In its report, the committee observed that the power plant which was inaugurated in 2009 was already three years behind the scheduled commissioning.

At the public hearing, the lawmakers said they were unimpressed by the reasons given by the Permanent Secretary, Ministry of Power, Mr. Louis Edozie who defended the change of the parameters of the plant from a gas- powered to diesel-powered facility.

Representatives of the ministry led by the permanent secretary said they planned to commission one of the units in the plant in January and that it would run on diesel, costing the country N46 million per day.

The lawmakers were however alarmed to hear that the cost would be far
cheaper if the plant was to run on gas.

Chairman of GreenVille LNG, Eddy Van Den Broeke, told the committee that the company had a Memorandum of
Understanding with the Kaduna Gas Plant to build storage facilities for the plant at no cost.

He also stated that while the plant would produce a kilowatt of electricity at N79 if run on diesel, it would produce the same kilowatt
of power at N37 with gas. He said his company had, as a result of the MOU it signed with the power plant, invested $400 million on its gas plant in Roumuji, Port Harcourt.

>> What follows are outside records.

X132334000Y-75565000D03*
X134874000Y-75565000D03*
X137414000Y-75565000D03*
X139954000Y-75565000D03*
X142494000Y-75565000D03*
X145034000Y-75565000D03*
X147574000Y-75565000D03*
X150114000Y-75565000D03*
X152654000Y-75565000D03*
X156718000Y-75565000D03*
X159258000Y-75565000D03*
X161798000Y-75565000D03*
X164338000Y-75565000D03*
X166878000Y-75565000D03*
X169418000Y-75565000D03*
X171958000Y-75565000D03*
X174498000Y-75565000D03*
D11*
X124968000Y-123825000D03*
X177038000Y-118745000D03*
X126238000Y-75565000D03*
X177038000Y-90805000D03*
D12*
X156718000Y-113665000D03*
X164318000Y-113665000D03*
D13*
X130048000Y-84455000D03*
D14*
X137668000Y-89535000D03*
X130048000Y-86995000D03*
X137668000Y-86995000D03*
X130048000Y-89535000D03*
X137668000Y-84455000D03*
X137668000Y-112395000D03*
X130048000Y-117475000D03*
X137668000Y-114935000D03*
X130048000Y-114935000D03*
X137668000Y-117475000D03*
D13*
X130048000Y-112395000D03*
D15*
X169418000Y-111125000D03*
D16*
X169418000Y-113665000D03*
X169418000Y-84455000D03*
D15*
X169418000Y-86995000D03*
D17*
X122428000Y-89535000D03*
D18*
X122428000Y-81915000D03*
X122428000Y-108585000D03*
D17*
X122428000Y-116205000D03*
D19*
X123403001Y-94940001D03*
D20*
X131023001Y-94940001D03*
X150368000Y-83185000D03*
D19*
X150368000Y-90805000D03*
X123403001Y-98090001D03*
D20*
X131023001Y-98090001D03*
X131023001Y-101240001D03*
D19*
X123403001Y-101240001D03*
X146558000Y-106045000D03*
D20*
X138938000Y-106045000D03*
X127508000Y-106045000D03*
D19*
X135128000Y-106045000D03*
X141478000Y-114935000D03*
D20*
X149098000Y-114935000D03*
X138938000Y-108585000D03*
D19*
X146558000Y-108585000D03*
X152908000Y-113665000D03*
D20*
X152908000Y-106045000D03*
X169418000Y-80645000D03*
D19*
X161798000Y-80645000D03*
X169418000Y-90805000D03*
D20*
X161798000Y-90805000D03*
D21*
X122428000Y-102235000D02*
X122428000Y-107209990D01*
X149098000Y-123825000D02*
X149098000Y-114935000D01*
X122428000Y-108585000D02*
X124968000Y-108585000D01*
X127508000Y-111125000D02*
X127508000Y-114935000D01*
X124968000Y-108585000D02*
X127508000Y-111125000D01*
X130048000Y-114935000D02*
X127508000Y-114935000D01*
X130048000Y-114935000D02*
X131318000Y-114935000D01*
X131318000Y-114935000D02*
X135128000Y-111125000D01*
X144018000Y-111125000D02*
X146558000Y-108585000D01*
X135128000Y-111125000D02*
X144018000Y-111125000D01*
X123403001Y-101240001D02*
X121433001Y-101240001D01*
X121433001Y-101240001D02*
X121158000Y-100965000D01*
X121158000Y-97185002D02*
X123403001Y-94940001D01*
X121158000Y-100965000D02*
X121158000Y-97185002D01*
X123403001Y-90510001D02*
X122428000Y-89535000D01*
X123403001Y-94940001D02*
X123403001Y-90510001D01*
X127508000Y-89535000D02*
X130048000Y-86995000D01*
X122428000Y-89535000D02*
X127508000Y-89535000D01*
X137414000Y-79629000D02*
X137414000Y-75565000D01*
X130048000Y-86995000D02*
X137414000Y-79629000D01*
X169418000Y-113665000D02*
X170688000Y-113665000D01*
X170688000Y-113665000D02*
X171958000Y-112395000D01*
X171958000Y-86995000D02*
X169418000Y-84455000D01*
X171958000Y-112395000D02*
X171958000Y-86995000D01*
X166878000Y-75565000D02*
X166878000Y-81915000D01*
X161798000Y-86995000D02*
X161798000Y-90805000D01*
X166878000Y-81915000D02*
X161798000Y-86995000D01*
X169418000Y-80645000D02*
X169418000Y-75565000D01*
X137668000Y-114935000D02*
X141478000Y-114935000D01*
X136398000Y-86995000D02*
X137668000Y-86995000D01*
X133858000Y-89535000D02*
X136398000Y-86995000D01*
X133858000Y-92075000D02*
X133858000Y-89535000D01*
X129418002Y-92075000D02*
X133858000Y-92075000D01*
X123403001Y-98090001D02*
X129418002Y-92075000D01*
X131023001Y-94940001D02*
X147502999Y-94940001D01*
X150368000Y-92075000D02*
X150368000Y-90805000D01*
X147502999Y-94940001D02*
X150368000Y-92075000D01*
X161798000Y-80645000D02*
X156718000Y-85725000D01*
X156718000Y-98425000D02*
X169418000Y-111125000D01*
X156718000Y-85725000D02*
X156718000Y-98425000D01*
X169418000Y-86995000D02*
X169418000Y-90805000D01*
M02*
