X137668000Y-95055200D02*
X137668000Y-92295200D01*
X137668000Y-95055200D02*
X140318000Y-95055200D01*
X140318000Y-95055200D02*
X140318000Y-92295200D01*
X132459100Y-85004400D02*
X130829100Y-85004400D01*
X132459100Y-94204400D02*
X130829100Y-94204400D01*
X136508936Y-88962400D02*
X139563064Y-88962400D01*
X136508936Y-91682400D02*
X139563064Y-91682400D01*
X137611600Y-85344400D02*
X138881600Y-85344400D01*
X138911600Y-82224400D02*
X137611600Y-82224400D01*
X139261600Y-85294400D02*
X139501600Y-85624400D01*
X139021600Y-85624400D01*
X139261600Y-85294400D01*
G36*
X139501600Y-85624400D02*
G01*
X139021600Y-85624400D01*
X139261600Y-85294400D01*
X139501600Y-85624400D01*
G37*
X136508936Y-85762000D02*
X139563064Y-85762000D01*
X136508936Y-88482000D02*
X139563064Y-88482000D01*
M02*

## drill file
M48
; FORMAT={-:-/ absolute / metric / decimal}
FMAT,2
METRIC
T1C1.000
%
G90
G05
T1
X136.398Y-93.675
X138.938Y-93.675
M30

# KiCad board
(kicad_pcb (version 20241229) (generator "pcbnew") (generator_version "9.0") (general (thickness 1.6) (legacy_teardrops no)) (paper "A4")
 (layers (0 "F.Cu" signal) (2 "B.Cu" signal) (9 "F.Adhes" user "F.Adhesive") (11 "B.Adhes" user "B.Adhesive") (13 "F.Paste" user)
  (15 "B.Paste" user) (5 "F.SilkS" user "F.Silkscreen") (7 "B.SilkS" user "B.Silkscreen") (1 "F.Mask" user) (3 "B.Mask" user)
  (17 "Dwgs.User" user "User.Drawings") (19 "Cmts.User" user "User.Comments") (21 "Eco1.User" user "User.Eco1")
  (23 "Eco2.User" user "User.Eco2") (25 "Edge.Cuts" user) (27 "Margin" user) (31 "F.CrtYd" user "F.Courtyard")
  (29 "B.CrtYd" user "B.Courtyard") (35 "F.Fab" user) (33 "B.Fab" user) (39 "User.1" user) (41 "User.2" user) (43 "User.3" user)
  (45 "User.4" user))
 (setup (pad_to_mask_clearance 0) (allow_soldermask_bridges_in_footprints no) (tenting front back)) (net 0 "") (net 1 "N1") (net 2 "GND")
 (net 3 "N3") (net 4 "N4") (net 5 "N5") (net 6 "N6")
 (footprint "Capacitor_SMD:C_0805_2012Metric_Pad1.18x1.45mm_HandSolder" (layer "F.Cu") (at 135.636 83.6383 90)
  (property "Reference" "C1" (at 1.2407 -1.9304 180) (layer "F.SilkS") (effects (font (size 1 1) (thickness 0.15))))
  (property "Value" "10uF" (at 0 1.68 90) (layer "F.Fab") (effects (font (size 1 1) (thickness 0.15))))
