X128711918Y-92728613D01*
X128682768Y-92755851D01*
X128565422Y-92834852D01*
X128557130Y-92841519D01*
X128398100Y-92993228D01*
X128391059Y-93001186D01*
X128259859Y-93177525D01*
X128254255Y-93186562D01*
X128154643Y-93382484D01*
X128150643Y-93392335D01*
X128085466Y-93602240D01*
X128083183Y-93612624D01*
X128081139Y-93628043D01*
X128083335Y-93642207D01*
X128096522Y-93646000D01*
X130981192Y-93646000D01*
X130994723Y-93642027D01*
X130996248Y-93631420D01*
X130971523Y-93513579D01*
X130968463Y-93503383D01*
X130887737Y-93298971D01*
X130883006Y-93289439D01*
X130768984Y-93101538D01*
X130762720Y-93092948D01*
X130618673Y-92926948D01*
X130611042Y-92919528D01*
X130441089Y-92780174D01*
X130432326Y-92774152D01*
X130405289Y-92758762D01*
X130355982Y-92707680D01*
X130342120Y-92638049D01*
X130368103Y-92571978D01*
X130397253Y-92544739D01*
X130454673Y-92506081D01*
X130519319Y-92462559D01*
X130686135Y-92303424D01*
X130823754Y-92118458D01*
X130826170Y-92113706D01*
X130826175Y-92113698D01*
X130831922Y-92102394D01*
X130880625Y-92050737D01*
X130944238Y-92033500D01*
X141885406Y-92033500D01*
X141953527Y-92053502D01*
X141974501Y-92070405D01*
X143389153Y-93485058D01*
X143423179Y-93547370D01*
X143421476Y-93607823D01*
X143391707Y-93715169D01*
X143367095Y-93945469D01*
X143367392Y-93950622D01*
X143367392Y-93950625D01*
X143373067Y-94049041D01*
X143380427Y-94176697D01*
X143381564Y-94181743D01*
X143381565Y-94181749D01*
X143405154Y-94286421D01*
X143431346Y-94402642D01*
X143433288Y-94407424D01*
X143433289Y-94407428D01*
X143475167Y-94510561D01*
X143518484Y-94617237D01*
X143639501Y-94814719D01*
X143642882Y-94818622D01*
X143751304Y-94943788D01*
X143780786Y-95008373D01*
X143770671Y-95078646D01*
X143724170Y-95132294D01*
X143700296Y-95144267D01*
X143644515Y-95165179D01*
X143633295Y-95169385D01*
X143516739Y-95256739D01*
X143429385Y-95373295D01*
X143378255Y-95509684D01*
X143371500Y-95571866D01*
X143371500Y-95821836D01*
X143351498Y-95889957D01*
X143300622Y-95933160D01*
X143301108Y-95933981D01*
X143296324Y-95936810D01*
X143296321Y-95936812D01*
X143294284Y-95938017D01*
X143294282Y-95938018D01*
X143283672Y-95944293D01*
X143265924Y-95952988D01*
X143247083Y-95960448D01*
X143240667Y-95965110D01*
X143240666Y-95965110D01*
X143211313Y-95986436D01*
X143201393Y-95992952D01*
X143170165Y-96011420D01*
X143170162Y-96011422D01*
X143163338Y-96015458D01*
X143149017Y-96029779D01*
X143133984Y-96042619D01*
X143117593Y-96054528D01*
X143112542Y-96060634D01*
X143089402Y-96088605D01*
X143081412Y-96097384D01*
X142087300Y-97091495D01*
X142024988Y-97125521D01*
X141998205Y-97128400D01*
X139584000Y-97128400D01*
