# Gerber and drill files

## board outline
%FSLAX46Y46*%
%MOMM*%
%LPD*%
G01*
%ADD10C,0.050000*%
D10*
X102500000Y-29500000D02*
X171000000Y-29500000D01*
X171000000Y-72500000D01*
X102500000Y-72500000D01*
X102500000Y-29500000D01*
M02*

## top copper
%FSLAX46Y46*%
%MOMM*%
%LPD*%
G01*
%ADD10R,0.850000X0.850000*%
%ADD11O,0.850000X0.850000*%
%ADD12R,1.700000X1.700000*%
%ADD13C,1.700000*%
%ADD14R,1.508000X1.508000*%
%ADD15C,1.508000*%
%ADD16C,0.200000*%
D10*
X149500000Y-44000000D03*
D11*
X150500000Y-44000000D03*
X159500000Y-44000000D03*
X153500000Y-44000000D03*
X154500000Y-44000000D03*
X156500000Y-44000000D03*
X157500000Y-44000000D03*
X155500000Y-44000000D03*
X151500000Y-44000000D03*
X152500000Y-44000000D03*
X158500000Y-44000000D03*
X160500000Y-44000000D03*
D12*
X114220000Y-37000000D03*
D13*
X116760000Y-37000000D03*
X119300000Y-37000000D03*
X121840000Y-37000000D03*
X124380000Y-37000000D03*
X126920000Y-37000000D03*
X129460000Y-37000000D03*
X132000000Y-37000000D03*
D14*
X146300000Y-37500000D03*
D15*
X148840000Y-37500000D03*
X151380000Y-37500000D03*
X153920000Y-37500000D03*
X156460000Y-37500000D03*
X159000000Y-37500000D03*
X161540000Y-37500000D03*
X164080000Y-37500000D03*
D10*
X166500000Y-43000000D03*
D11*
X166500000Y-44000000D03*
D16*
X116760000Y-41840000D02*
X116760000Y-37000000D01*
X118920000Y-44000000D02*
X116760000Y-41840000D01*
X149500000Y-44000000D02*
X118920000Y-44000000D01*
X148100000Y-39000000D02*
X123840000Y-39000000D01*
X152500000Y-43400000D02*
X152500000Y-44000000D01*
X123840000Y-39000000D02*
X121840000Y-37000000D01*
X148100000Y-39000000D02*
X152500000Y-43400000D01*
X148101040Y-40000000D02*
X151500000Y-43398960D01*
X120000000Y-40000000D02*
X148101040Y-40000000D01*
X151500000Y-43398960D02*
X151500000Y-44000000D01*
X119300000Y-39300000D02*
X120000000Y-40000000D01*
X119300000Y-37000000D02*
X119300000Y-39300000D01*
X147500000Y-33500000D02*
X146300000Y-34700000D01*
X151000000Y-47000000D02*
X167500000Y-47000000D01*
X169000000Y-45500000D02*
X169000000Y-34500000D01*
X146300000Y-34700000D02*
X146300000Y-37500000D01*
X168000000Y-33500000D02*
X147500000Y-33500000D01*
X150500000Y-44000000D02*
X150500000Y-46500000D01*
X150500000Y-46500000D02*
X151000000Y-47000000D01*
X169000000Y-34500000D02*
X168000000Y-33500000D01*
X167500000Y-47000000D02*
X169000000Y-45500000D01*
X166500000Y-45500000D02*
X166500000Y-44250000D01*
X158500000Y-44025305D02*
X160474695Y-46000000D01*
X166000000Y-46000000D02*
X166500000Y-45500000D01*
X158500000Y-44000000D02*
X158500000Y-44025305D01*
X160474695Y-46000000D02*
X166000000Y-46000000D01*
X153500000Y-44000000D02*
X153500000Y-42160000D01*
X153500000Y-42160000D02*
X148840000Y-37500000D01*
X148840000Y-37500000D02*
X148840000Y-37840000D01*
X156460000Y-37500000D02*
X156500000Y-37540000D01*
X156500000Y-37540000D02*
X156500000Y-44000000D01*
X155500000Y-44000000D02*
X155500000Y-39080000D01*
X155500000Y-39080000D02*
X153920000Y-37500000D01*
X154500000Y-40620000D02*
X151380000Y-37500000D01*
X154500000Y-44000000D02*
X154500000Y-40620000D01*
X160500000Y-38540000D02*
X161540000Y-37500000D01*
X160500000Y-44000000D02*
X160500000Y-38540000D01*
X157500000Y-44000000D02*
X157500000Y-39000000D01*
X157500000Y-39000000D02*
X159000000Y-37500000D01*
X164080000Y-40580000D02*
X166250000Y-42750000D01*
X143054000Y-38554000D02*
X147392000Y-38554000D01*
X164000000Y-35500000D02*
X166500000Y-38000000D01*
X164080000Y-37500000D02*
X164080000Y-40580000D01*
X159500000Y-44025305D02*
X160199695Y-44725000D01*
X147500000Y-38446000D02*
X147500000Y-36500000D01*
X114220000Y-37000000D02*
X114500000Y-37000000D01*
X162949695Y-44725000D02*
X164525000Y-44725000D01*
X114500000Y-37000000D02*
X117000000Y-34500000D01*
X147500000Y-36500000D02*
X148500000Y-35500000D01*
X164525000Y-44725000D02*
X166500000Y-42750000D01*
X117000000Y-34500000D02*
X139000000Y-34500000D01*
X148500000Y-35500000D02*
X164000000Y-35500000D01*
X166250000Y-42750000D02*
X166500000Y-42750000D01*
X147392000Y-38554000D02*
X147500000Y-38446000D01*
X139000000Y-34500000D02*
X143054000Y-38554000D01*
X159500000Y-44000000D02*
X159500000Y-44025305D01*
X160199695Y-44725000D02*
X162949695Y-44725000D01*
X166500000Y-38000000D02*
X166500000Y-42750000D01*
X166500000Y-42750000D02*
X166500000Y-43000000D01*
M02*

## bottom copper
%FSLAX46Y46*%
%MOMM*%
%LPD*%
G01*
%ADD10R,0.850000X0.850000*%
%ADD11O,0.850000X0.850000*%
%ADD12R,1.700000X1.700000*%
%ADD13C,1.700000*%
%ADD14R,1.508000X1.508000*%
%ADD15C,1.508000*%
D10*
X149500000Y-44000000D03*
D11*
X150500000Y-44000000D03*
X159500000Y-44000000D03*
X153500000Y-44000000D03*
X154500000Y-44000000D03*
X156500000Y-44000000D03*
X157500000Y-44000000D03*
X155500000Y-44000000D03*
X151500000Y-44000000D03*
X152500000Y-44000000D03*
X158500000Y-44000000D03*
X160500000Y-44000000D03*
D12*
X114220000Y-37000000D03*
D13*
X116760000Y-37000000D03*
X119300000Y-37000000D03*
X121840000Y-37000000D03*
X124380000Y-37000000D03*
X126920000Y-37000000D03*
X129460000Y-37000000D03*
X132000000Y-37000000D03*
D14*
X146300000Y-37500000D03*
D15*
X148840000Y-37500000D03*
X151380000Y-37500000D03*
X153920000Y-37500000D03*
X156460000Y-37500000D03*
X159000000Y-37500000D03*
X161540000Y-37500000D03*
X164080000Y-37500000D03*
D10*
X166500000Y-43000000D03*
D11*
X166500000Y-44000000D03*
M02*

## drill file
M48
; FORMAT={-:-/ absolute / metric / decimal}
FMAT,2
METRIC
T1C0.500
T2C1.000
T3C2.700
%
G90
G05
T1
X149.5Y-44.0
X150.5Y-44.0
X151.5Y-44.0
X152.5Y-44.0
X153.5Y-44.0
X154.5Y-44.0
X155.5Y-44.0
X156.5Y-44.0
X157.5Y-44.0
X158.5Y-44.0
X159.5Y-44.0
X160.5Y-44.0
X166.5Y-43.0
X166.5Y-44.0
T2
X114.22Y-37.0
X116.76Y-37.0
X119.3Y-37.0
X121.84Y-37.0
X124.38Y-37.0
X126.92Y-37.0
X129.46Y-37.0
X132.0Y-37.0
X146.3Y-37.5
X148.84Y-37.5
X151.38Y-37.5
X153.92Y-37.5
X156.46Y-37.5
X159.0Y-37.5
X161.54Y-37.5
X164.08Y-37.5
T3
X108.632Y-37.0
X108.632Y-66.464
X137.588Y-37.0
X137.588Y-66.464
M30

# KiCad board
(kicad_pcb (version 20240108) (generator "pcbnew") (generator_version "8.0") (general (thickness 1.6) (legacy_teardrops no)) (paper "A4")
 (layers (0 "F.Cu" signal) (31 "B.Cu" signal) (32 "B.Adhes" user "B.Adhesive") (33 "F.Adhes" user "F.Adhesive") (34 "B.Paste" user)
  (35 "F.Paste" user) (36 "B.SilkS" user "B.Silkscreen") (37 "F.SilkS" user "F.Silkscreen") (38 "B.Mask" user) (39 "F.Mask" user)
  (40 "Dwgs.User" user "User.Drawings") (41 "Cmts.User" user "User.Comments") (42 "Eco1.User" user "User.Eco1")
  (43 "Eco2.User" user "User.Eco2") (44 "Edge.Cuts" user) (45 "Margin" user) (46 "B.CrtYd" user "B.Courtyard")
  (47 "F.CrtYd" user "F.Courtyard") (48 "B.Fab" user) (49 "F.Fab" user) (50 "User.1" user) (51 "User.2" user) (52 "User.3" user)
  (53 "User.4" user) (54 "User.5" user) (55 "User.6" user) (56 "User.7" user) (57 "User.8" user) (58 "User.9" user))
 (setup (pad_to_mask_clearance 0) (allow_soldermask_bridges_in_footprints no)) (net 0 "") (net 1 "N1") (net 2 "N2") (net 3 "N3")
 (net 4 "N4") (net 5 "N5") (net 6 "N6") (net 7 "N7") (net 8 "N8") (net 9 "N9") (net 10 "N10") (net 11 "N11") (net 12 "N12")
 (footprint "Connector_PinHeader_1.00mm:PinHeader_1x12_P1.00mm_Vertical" (layer "F.Cu") (at 149.5 44 90)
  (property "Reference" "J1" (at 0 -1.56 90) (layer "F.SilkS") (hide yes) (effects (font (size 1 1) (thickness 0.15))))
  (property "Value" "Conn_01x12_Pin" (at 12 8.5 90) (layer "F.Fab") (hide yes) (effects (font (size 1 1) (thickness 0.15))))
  (pad "1" thru_hole rect (at 0 0 90) (size 0.85 0.85) (drill 0.5) (layers "*.Cu" "*.Mask") (remove_unused_layers no) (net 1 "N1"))
  (pad "2" thru_hole oval (at 0 1 90) (size 0.85 0.85) (drill 0.5) (layers "*.Cu" "*.Mask") (remove_unused_layers no) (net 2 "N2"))
  (pad "3" thru_hole oval (at 0 10 90) (size 0.85 0.85) (drill 0.5) (layers "*.Cu" "*.Mask") (remove_unused_layers no) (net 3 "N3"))
  (pad "4" thru_hole oval (at 0 4 90) (size 0.85 0.85) (drill 0.5) (layers "*.Cu" "*.Mask") (remove_unused_layers no) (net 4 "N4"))
  (pad "5" thru_hole oval (at 0 5 90) (size 0.85 0.85) (drill 0.5) (layers "*.Cu" "*.Mask") (remove_unused_layers no) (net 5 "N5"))
  (pad "6" thru_hole oval (at 0 7 90) (size 0.85 0.85) (drill 0.5) (layers "*.Cu" "*.Mask") (remove_unused_layers no) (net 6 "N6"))
  (pad "7" thru_hole oval (at 0 8 90) (size 0.85 0.85) (drill 0.5) (layers "*.Cu" "*.Mask") (remove_unused_layers no) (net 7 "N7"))
  (pad "8" thru_hole oval (at 0 6 90) (size 0.85 0.85) (drill 0.5) (layers "*.Cu" "*.Mask") (remove_unused_layers no) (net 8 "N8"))
  (pad "9" thru_hole oval (at 0 2 90) (size 0.85 0.85) (drill 0.5) (layers "*.Cu" "*.Mask") (remove_unused_layers no) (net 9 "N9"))
  (pad "10" thru_hole oval (at 0 3 90) (size 0.85 0.85) (drill 0.5) (layers "*.Cu" "*.Mask") (remove_unused_layers no) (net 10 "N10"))
  (pad "11" thru_hole oval (at 0 9 90) (size 0.85 0.85) (drill 0.5) (layers "*.Cu" "*.Mask") (remove_unused_layers no) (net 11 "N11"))
  (pad "12" thru_hole oval (at 0 11 90) (size 0.85 0.85) (drill 0.5) (layers "*.Cu" "*.Mask") (remove_unused_layers no) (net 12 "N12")))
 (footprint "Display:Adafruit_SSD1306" (layer "F.Cu") (at 114.22 37)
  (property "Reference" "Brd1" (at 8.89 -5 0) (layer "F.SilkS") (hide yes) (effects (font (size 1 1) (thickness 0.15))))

Broeke further said: “In 2014 when the parametres were signed, it was agreed that LNG is most competitive. We have invested $400million after which people in the ministry decided to change the parametres. It will cost $200 million more to use AGO (diesel) because there is no other fuel available that can replace LNG and GreenVille.”

According to him, apart from the functional gas plant, Greenville already
imported 250 trucks to evacuate gas to the power plant before the change of parameters by the ministry.

Co-chairman of the joint committee, Bassey directed the permanent secretary to inform the Minister of Power, Works and Housing
that the senate had stopped the planned commissioning. “I feel very disappointed,” he said.